Congratulations to the marvelous Jamaican sprinter Elaine Thompson, the first woman to win the 100 meters and 200 meters gold medals for the first time in 28 years.

 


2 thoughts on “Rio Olympics 2016: Things I Will and Will Not Miss

  1. Emma, I so agree with you but I think say the best country and better is all in the spirit of competition which is part of the Olympic spirit. My biggest pet peeve is the US ( NBC) and Canadian Channels (CBC) that have the exclusive rights to broadcast the games. What a prejudice!!! NBC only show the gold medals to the US girls but nothing else to the other ladies and CBC focus so much on Andre, the REAL champion got lost!!

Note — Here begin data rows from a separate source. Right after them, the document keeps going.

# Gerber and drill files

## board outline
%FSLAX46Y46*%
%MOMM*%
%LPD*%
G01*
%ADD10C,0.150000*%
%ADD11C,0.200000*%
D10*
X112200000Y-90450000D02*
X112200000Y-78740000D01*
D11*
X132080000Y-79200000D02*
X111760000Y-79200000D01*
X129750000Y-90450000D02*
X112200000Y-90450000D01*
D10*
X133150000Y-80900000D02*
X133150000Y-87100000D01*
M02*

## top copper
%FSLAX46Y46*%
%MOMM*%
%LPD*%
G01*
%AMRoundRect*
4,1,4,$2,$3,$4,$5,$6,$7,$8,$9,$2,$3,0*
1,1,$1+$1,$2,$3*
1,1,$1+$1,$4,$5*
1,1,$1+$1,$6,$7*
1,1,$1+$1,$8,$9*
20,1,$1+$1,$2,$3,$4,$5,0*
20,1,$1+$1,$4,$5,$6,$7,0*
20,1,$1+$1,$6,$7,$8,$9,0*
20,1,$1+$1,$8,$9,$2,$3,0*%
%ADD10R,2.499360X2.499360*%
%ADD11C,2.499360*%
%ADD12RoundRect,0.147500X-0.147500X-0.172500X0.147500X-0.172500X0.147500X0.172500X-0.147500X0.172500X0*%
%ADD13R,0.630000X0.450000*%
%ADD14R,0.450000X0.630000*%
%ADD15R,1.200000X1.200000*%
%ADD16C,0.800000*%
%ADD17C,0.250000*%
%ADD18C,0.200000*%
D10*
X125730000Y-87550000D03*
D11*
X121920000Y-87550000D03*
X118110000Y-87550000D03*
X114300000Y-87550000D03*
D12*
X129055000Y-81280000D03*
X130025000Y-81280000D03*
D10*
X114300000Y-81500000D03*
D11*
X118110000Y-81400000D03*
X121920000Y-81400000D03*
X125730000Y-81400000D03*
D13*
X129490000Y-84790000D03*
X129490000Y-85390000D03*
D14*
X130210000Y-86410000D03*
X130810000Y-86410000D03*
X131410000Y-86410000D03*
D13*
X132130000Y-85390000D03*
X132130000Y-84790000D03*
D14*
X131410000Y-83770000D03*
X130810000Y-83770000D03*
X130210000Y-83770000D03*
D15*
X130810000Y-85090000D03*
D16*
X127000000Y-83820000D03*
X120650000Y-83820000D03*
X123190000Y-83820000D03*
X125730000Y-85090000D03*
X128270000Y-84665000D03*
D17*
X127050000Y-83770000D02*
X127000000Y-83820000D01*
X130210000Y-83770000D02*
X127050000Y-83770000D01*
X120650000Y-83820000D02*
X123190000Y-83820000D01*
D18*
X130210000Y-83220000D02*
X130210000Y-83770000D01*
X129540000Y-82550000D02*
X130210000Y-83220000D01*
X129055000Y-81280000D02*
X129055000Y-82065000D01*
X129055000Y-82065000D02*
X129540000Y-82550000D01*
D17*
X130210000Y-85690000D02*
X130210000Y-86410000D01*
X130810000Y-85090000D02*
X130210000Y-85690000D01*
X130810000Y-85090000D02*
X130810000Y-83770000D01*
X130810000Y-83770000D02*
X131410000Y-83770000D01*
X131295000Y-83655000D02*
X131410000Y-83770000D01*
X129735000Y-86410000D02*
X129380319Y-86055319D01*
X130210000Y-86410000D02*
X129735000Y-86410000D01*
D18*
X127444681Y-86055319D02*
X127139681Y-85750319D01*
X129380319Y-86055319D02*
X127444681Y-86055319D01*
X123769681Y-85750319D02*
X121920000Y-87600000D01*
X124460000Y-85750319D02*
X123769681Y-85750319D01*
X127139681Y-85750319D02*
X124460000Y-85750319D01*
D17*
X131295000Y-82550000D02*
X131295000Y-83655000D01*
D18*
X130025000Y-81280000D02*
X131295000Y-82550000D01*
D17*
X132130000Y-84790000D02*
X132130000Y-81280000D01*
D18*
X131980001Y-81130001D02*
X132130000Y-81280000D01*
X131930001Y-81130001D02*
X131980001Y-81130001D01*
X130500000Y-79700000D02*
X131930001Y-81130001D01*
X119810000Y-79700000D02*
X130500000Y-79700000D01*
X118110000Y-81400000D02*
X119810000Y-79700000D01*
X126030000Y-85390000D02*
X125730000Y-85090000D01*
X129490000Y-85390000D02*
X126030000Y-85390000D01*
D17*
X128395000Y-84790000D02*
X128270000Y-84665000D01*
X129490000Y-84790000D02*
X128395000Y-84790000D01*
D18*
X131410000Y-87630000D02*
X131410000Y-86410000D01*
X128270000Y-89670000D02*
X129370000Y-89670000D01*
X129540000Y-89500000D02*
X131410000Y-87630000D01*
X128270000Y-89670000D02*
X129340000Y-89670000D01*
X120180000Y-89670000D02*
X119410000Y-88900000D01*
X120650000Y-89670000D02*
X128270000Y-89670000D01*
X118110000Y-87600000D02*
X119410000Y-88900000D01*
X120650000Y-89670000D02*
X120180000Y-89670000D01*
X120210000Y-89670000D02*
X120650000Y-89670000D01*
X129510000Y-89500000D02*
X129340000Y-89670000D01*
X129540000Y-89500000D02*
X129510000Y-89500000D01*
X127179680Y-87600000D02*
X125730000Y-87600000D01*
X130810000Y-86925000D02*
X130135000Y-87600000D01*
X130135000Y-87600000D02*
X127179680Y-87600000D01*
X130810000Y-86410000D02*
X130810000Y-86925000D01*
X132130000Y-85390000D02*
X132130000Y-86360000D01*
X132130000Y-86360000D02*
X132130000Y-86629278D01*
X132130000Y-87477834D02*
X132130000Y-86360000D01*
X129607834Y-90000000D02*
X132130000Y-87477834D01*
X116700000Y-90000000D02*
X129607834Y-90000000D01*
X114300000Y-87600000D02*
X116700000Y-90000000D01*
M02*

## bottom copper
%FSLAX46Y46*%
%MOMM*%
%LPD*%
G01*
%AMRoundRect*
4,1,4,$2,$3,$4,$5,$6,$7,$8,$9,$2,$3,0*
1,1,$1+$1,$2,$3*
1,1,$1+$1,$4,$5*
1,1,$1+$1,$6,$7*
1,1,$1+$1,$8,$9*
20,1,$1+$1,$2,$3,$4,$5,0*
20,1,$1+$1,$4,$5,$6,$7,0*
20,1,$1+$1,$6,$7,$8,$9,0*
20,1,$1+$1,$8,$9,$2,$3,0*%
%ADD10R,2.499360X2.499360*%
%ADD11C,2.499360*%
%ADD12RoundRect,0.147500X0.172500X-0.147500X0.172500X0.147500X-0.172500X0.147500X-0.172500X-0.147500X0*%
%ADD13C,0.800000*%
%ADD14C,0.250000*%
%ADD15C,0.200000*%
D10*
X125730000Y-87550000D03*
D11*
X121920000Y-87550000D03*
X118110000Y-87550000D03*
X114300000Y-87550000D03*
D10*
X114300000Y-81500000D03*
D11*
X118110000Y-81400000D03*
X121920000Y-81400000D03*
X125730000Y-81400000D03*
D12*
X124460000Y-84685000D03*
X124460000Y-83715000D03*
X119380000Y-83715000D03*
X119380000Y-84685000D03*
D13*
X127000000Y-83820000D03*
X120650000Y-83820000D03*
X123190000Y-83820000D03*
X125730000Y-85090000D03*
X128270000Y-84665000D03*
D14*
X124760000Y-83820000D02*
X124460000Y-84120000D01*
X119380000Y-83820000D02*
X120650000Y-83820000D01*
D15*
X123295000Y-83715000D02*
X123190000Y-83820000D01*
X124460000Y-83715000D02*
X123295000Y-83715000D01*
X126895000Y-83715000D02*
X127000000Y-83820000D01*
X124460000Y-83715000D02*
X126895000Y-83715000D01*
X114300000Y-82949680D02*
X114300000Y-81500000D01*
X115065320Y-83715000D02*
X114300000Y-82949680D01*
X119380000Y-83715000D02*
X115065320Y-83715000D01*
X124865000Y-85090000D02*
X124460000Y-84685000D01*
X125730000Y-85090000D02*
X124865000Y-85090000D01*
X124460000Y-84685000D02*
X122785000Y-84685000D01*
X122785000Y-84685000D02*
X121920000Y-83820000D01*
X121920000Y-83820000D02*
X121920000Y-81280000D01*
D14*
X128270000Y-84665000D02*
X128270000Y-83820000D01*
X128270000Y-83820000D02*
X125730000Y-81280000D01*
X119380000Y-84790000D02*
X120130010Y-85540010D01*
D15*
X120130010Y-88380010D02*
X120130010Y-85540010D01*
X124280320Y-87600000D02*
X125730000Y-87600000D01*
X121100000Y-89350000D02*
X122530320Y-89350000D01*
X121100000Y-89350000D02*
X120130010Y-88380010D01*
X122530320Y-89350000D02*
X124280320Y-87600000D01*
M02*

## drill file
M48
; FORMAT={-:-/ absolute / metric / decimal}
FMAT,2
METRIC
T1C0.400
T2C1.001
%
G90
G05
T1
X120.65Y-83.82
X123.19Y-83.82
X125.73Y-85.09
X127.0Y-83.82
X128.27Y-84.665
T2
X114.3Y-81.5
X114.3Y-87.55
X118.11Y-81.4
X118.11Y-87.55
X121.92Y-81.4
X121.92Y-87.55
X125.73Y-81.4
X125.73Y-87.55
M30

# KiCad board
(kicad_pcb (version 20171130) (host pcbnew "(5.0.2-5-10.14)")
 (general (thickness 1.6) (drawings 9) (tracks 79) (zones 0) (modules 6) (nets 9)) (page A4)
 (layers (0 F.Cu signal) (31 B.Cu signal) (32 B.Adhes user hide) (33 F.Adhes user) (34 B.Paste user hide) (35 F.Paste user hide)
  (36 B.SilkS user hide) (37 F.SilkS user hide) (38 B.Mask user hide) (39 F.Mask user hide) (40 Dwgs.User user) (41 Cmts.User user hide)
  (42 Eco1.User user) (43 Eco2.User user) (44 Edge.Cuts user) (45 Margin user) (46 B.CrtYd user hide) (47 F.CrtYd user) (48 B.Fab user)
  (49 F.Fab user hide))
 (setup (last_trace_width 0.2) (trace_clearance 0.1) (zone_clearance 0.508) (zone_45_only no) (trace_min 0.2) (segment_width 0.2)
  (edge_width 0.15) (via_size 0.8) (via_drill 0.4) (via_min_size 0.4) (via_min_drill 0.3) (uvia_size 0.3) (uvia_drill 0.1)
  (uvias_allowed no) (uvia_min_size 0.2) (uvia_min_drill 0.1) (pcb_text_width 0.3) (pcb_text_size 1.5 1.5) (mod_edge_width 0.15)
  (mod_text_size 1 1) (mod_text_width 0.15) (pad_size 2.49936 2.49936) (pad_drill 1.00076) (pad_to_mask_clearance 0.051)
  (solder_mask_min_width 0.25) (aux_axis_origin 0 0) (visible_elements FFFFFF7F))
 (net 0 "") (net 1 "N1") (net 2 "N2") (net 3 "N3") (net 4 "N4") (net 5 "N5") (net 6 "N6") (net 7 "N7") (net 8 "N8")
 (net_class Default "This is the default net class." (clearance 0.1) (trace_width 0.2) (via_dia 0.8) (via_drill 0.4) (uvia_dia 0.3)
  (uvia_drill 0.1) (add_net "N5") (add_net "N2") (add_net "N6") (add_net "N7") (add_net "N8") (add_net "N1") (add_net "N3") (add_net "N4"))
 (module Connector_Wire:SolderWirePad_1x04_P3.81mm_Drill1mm (layer F.Cu) (at 125.73 87.55 180)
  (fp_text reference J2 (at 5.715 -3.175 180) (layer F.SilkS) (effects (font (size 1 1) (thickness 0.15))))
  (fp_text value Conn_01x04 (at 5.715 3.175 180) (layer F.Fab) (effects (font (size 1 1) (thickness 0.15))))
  (pad 1 thru_hole rect (at 0 0 180) (size 2.49936 2.49936) (drill 1.00076) (layers *.Cu *.Mask) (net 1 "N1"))
  (pad 2 thru_hole circle (at 3.81 0 180) (size 2.49936 2.49936) (drill 1.00076) (layers *.Cu *.Mask) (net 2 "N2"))
  (pad 3 thru_hole circle (at 7.62 0 180) (size 2.49936 2.49936) (drill 1.00076) (layers *.Cu *.Mask) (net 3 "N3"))
  (pad 4 thru_hole circle (at 11.43 0 180) (size 2.49936 2.49936) (drill 1.00076) (layers *.Cu *.Mask) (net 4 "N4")))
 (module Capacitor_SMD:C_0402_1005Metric (layer F.Cu) (at 129.54 81.28)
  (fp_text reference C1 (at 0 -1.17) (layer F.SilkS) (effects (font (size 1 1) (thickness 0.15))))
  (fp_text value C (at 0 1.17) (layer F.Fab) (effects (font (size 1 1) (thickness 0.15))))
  (pad 1 smd roundrect (at -0.485 0) (size 0.59 0.64) (layers F.Cu F.Paste F.Mask) (roundrect_rratio 0.25) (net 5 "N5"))
  (pad 2 smd roundrect (at 0.485 0) (size 0.59 0.64) (layers F.Cu F.Paste F.Mask) (roundrect_rratio 0.25) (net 2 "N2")))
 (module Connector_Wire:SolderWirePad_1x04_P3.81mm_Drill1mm (layer F.Cu) (at 114.3 81.4)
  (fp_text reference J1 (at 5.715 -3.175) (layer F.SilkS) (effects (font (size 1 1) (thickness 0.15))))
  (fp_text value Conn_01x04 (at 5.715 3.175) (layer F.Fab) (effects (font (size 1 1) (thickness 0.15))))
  (pad 1 thru_hole rect (at 0 0.1) (size 2.49936 2.49936) (drill 1.00076) (layers *.Cu *.Mask) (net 5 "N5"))
  (pad 2 thru_hole circle (at 3.81 0) (size 2.49936 2.49936) (drill 1.00076) (layers *.Cu *.Mask) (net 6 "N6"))
  (pad 3 thru_hole circle (at 7.62 0) (size 2.49936 2.49936) (drill 1.00076) (layers *.Cu *.Mask) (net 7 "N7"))
  (pad 4 thru_hole circle (at 11.43 0) (size 2.49936 2.49936) (drill 1.00076) (layers *.Cu *.Mask) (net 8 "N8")))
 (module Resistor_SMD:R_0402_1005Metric (layer B.Cu) (at 124.46 84.2 90)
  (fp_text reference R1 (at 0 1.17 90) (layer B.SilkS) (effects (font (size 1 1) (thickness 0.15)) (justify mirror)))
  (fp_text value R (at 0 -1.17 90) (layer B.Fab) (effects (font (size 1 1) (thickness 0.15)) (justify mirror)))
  (pad 1 smd roundrect (at -0.485 0 90) (size 0.59 0.64) (layers B.Cu B.Paste B.Mask) (roundrect_rratio 0.25) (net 7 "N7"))
  (pad 2 smd roundrect (at 0.485 0 90) (size 0.59 0.64) (layers B.Cu B.Paste B.Mask) (roundrect_rratio 0.25) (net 5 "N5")))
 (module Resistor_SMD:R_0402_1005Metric (layer B.Cu) (at 119.38 84.2 90)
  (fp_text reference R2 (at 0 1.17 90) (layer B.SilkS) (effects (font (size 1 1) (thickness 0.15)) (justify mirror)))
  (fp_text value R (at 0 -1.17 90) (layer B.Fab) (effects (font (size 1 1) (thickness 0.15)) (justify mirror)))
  (pad 2 smd roundrect (at 0.485 0 90) (size 0.59 0.64) (layers B.Cu B.Paste B.Mask) (roundrect_rratio 0.25) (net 5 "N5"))
  (pad 1 smd roundrect (at -0.485 0 90) (size 0.59 0.64) (layers B.Cu B.Paste B.Mask) (roundrect_rratio 0.25) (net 1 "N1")))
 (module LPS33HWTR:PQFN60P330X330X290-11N (layer F.Cu) (at 130.81 85.09)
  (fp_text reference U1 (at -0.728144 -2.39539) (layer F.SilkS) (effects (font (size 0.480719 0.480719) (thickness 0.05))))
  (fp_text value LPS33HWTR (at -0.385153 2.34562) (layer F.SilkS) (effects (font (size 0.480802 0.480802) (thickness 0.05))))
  (pad 1 smd rect (at -1.32 -0.3) (size 0.63 0.45) (layers F.Cu F.Paste F.Mask) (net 8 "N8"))
  (pad 2 smd rect (at -1.32 0.3) (size 0.63 0.45) (layers F.Cu F.Paste F.Mask) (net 7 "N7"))
  (pad 3 smd rect (at -0.6 1.32 90) (size 0.63 0.45) (layers F.Cu F.Paste F.Mask) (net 2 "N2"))
  (pad 4 smd rect (at 0 1.32 90) (size 0.63 0.45) (layers F.Cu F.Paste F.Mask) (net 1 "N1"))
  (pad 5 smd rect (at 0.6 1.32 90) (size 0.63 0.45) (layers F.Cu F.Paste F.Mask) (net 3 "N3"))
  (pad 6 smd rect (at 1.32 0.3 180) (size 0.63 0.45) (layers F.Cu F.Paste F.Mask) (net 4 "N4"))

    I think Andre has potential and will be great in 2020 but NOW is Mr. Usain Bolt time and I find myself at work here in Canada with Bolt all over my office and people asking me bout Andre. I tell them let Bolt retire with ALL the accolades – then we focus on Andre AFTER!!

    Like

    1. Many broadcasters do the same thing – not only US and Canada. I hear the BBC was focusing almost entirely on British athletes. It happens. Actually I enjoyed the ESPN Caribbean coverage – it always highlighted the Caribbean competitors but was fairly balanced otherwise I think. Mr. Bolt will not be at the 2020 Olympics so I guess it’s his time right now. Yes, surely the young ones will follow! But four years is a long time… Some more youth might come up during that time!